当科は、糖尿病・内分泌・代謝を標榜しており、診療分野は糖尿病、甲状腺疾患、視床下部・下垂体疾患、副腎疾患、膵内分泌腫瘍、カルシウム代謝異常、肥満症、メタボリック症候群と多岐にわたります。
糖尿病においては、1型糖尿病やインスリン持続注入ポンプ療法(SAP)、妊娠糖尿病の血糖管理、人工膵臓を用いた周術期血糖管理を含め、専門性の高い診療を行っています。また、下垂体疾患、甲状腺疾患、肥満症、骨代謝疾患については専門外来を開設しています。
和歌山県立医科大学第一内科(糖尿病・代謝内分泌内科)は、通常の糖尿病外来・入院に加え毎週月曜日の午後に糖尿病地域連携外来を設けております。二人主治医制で、半年毎に「専門看護師による糖尿病療養指導」「栄養指導」「合併症チェック」「特殊検査」などを行うことで先生方の診療のお役に立てればと考えています。もし、糖尿病診療でお困りの症例がございましたなら遠慮なくご相談下さい。
「かかりつけ医」の先生方から「専門医」への紹介が推奨される基準に関しては、下記の基準をご参照ください。
糖尿病の診療においては、糖尿病性腎症の悪化による血液透析者数の増加も問題となっており、腎機能障害を有する場合もご紹介いただければ幸いです。
必要な場合は、大学内において腎臓内科へさらに院内紹介するなど対応させていただきます。
当科ではこれまでにも糖尿病の血糖管理のための自己血糖測定器に加えて連続グルコースモニタリング(CGM)を使用してきましたが、新たな世代の測定器「フラッシュグルコースモニタリングシステム(FGM)」を導入し、活用を積極的に進めています。 この測定器により、14日間の血糖値を連続的な測定ができ、読み取り機をかざすことでリアルタイムに血糖値の確認ができます。これにより指先穿刺による血糖測定のみでは十分評価できなかった食後高血糖、夜間を含めた低血糖の有無を知ることができます。
持続皮下インスリン注入療法(CSII)は、小型の機器を使って持続的にインスリンを皮下注入して血糖コントロールを行う治療法です。この機器をインスリンポンプと言い、皮下に留置したカニューレを通して自動的にインスリンが注入されます。一般的なペン型インスリンに比べて食事の内容や時間帯にあわせたきめ細かい血糖管理が可能です。
最近では持続的な血糖値測定(CGM)機能を搭載したインスリンポンプ療法が登場し、この治療法SAP(Sensor Augmented Insulin Pump)療法といいます。インスリンポンプとCGMを同時に装着し連続的な血糖値を画面に表示するほか、低血糖が予測された場合にインスリンを自動で停止する機能も登場しています。
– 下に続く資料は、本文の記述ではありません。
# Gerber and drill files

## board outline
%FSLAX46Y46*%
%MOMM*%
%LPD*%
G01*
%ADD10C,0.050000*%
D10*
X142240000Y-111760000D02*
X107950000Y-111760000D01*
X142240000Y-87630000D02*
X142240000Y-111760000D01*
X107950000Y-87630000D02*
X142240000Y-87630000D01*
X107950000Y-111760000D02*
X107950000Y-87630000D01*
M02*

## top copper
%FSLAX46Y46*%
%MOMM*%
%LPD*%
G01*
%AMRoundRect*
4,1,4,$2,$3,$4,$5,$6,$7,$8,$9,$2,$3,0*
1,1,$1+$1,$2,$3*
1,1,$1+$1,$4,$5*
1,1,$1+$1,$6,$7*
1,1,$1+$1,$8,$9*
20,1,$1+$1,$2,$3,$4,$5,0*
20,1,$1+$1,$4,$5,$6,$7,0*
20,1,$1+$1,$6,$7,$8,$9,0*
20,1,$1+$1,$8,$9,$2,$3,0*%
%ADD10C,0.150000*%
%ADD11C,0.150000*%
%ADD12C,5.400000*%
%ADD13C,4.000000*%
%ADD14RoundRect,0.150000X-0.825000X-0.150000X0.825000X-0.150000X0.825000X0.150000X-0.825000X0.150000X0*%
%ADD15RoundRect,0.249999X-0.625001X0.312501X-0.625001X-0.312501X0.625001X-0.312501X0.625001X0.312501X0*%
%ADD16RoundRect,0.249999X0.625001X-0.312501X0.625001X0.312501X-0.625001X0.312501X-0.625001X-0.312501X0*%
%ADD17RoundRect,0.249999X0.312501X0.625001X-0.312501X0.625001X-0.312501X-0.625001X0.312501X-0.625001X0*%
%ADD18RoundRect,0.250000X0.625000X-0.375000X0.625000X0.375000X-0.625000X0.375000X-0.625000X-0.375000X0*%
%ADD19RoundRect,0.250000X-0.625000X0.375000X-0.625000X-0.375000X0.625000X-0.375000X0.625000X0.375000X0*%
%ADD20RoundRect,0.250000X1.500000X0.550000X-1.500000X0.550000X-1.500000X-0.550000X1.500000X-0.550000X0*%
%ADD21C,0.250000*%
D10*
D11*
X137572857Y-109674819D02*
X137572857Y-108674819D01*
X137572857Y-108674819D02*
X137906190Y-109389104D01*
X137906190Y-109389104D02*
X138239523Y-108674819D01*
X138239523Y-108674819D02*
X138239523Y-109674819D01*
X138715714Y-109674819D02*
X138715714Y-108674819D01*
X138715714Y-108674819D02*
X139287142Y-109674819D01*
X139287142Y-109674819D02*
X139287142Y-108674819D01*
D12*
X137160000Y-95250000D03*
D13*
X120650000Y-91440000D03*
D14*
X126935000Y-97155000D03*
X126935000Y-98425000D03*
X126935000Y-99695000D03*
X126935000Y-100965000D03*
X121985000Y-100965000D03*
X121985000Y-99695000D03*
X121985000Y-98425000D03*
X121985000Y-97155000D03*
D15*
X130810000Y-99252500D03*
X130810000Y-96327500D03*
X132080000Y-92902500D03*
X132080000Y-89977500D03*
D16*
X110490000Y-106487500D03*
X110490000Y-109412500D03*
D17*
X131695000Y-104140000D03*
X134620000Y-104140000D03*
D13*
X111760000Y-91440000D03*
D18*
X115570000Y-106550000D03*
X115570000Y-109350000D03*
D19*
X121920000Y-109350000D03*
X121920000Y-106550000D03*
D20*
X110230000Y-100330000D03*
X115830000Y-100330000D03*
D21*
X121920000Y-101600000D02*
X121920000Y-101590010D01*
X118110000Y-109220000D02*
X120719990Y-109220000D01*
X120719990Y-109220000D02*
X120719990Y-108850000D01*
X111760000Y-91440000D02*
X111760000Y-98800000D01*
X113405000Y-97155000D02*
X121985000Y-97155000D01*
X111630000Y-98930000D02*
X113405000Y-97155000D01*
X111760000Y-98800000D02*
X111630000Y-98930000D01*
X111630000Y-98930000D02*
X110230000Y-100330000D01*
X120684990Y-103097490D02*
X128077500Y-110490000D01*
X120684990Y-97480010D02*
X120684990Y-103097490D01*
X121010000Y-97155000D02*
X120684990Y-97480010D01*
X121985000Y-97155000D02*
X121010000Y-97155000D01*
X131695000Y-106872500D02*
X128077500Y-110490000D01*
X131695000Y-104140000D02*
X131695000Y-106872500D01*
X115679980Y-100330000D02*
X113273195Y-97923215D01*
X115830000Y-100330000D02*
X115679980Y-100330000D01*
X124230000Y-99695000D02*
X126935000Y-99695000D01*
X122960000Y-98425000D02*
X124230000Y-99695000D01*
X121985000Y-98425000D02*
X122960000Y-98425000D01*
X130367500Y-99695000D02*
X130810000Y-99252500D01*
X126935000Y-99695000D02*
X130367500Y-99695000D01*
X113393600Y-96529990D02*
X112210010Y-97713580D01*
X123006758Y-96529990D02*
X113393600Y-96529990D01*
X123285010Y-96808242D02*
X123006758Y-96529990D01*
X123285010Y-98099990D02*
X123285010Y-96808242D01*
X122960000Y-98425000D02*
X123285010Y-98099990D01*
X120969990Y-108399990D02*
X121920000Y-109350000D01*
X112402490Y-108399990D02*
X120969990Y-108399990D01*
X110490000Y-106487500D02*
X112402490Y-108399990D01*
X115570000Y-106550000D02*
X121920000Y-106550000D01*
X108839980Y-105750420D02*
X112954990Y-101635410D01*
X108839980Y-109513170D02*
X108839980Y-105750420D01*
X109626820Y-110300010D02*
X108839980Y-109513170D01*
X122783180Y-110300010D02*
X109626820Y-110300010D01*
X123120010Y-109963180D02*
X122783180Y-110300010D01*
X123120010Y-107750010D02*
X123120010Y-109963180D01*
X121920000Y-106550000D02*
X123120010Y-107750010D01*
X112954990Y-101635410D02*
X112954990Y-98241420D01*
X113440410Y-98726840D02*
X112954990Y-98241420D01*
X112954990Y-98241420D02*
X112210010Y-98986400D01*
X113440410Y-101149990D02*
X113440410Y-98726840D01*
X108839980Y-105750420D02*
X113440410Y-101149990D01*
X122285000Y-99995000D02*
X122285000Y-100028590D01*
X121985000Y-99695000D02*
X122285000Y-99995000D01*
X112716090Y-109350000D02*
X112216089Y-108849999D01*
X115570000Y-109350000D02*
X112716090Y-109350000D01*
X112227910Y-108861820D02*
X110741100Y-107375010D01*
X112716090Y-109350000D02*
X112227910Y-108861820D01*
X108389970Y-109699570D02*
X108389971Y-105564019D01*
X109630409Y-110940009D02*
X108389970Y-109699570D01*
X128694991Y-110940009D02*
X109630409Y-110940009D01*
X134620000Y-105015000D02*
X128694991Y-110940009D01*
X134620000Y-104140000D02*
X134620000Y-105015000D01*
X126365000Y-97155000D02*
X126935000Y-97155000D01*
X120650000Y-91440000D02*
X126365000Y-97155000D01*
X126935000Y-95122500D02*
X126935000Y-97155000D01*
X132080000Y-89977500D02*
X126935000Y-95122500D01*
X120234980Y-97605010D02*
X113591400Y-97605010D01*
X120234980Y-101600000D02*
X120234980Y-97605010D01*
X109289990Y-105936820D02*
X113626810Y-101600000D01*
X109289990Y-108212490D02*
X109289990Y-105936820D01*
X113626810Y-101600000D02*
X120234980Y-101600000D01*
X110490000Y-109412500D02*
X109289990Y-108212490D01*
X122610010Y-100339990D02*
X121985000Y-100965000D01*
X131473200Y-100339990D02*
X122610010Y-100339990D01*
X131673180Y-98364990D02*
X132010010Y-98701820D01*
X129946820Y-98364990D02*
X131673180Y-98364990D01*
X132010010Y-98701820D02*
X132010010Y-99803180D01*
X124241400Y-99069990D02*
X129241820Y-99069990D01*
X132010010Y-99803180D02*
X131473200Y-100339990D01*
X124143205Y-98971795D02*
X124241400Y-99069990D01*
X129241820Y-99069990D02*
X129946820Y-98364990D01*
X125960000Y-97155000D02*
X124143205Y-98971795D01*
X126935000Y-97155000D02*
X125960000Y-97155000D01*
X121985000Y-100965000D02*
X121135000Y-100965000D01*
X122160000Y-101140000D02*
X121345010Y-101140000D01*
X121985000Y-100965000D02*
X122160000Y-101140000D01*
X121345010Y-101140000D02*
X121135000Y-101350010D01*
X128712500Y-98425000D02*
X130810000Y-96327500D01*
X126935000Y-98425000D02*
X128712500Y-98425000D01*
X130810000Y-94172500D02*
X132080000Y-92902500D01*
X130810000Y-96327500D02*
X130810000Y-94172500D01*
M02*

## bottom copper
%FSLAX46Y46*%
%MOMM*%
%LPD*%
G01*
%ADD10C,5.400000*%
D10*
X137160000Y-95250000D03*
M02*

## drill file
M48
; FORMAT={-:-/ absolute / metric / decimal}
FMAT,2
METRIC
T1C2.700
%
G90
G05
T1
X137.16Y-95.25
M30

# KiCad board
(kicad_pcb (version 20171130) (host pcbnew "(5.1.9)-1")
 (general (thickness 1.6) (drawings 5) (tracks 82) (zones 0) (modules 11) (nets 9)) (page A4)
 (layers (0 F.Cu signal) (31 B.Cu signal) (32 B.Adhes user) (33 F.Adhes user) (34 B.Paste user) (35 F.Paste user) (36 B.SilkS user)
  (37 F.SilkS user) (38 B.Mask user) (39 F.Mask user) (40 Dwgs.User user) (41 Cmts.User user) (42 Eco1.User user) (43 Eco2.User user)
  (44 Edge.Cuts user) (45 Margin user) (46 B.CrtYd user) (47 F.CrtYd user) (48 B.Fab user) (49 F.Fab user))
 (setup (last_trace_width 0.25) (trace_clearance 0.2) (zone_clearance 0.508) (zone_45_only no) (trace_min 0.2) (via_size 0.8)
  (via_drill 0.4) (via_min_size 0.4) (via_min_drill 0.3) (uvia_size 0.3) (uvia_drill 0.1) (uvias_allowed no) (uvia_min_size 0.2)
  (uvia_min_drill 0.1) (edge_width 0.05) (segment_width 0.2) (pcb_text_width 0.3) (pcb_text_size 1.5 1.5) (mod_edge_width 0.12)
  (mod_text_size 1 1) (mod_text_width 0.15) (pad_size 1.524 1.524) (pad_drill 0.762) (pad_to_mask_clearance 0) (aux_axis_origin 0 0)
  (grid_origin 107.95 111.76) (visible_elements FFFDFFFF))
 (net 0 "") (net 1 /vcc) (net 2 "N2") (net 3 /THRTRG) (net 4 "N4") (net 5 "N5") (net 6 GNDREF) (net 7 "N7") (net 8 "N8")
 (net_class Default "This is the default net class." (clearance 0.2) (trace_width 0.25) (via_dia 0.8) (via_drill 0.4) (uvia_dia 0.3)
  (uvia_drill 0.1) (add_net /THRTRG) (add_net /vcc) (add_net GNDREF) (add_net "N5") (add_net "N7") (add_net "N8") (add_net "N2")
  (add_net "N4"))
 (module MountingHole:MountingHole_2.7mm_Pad (layer F.Cu) (at 137.16 95.25)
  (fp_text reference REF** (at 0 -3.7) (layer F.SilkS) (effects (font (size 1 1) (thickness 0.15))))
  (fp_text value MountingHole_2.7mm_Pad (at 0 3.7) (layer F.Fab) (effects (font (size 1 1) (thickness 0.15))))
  (pad 1 thru_hole circle (at 0 0) (size 5.4 5.4) (drill 2.7) (layers *.Cu *.Mask)))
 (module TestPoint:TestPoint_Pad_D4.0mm (layer F.Cu) (at 120.65 91.44)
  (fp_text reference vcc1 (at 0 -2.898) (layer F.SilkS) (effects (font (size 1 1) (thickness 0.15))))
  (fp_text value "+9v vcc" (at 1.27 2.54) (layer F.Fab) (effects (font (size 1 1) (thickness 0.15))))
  (pad 1 smd circle (at 0 0) (size 4 4) (layers F.Cu F.Mask) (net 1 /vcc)))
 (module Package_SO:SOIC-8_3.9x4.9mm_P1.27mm (layer F.Cu) (at 124.46 99.06)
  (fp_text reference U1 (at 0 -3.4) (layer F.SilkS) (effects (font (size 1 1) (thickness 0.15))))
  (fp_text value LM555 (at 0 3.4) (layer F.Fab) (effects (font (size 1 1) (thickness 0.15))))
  (pad 8 smd roundrect (at 2.475 -1.905) (size 1.95 0.6) (layers F.Cu F.Paste F.Mask) (roundrect_rratio 0.25) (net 1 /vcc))
  (pad 7 smd roundrect (at 2.475 -0.635) (size 1.95 0.6) (layers F.Cu F.Paste F.Mask) (roundrect_rratio 0.25) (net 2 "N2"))
  (pad 6 smd roundrect (at 2.475 0.635) (size 1.95 0.6) (layers F.Cu F.Paste F.Mask) (roundrect_rratio 0.25) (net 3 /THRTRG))
  (pad 5 smd roundrect (at 2.475 1.905) (size 1.95 0.6) (layers F.Cu F.Paste F.Mask) (roundrect_rratio 0.25) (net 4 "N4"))
  (pad 4 smd roundrect (at -2.475 1.905) (size 1.95 0.6) (layers F.Cu F.Paste F.Mask) (roundrect_rratio 0.25) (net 1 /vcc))
  (pad 3 smd roundrect (at -2.475 0.635) (size 1.95 0.6) (layers F.Cu F.Paste F.Mask) (roundrect_rratio 0.25) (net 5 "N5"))
  (pad 2 smd roundrect (at -2.475 -0.635) (size 1.95 0.6) (layers F.Cu F.Paste F.Mask) (roundrect_rratio 0.25) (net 3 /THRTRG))
  (pad 1 smd roundrect (at -2.475 -1.905) (size 1.95 0.6) (layers F.Cu F.Paste F.Mask) (roundrect_rratio 0.25) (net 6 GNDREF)))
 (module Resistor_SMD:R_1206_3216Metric (layer F.Cu) (at 130.81 97.79 270)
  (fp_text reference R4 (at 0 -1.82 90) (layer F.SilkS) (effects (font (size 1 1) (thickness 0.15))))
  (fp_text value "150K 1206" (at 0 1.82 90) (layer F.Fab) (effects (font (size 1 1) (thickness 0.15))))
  (pad 2 smd roundrect (at 1.4625 0 270) (size 1.125 1.75) (layers F.Cu F.Paste F.Mask) (roundrect_rratio 0.2222213333333333)
   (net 3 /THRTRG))
  (pad 1 smd roundrect (at -1.4625 0 270) (size 1.125 1.75) (layers F.Cu F.Paste F.Mask) (roundrect_rratio 0.2222213333333333) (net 2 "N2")))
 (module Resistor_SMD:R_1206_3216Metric (layer F.Cu) (at 132.08 91.44 270)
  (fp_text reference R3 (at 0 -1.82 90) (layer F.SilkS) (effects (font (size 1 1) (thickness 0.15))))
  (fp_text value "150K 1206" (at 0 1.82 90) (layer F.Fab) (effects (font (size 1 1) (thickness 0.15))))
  (pad 2 smd roundrect (at 1.4625 0 270) (size 1.125 1.75) (layers F.Cu F.Paste F.Mask) (roundrect_rratio 0.2222213333333333) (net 2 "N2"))
  (pad 1 smd roundrect (at -1.4625 0 270) (size 1.125 1.75) (layers F.Cu F.Paste F.Mask) (roundrect_rratio 0.2222213333333333) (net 1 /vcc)))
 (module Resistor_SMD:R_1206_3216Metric (layer F.Cu) (at 110.49 107.95 90)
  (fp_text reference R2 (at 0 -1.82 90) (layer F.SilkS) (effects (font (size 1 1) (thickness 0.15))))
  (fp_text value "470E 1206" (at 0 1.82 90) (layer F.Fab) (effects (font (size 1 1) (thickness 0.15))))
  (pad 2 smd roundrect (at 1.4625 0 90) (size 1.125 1.75) (layers F.Cu F.Paste F.Mask) (roundrect_rratio 0.2222213333333333) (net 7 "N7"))
  (pad 1 smd roundrect (at -1.4625 0 90) (size 1.125 1.75) (layers F.Cu F.Paste F.Mask) (roundrect_rratio 0.2222213333333333) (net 1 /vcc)))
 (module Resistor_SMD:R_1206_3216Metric (layer F.Cu) (at 133.1575 104.14 180)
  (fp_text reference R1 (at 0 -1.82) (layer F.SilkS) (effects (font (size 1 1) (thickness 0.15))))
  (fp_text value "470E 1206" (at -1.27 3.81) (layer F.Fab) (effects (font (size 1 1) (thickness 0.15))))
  (pad 2 smd roundrect (at 1.4625 0 180) (size 1.125 1.75) (layers F.Cu F.Paste F.Mask) (roundrect_rratio 0.2222213333333333) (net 6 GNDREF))
  (pad 1 smd roundrect (at -1.4625 0 180) (size 1.125 1.75) (layers F.Cu F.Paste F.Mask) (roundrect_rratio 0.2222213333333333) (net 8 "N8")))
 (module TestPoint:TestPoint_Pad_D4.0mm (layer F.Cu) (at 111.76 91.44)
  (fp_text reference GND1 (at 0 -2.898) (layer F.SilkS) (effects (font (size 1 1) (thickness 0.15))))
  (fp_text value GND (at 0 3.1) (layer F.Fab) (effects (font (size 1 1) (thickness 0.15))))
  (pad 1 smd circle (at 0 0) (size 4 4) (layers F.Cu F.Mask) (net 6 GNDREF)))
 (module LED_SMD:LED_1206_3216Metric (layer F.Cu) (at 115.57 107.95 90)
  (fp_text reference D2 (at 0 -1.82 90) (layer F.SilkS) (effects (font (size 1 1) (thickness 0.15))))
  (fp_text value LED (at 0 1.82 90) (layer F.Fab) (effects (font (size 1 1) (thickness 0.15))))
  (pad 2 smd roundrect (at 1.4 0 90) (size 1.25 1.75) (layers F.Cu F.Paste F.Mask) (roundrect_rratio 0.2) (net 5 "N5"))
  (pad 1 smd roundrect (at -1.4 0 90) (size 1.25 1.75) (layers F.Cu F.Paste F.Mask) (roundrect_rratio 0.2) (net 8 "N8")))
人工膵臓は、腕の静脈から連続的に採取した血液から血糖値を測定し、コンピューターで計算した量のインスリンおよびグルコースを点滴で注入する装置です。外科手術後などより精密な血糖管理をする場合や、インスリン治療が効きにくい(インスリン抵抗性)糖尿病の病態を調べるときに使われます。人工膵臓を用いれば管理の難しい糖尿病においても目標の血糖値に調整することが可能となります。
この人工膵臓は認可をうけた専門施設でのみ行なわれ、現在のところ県内では当院のみ使用している状況です。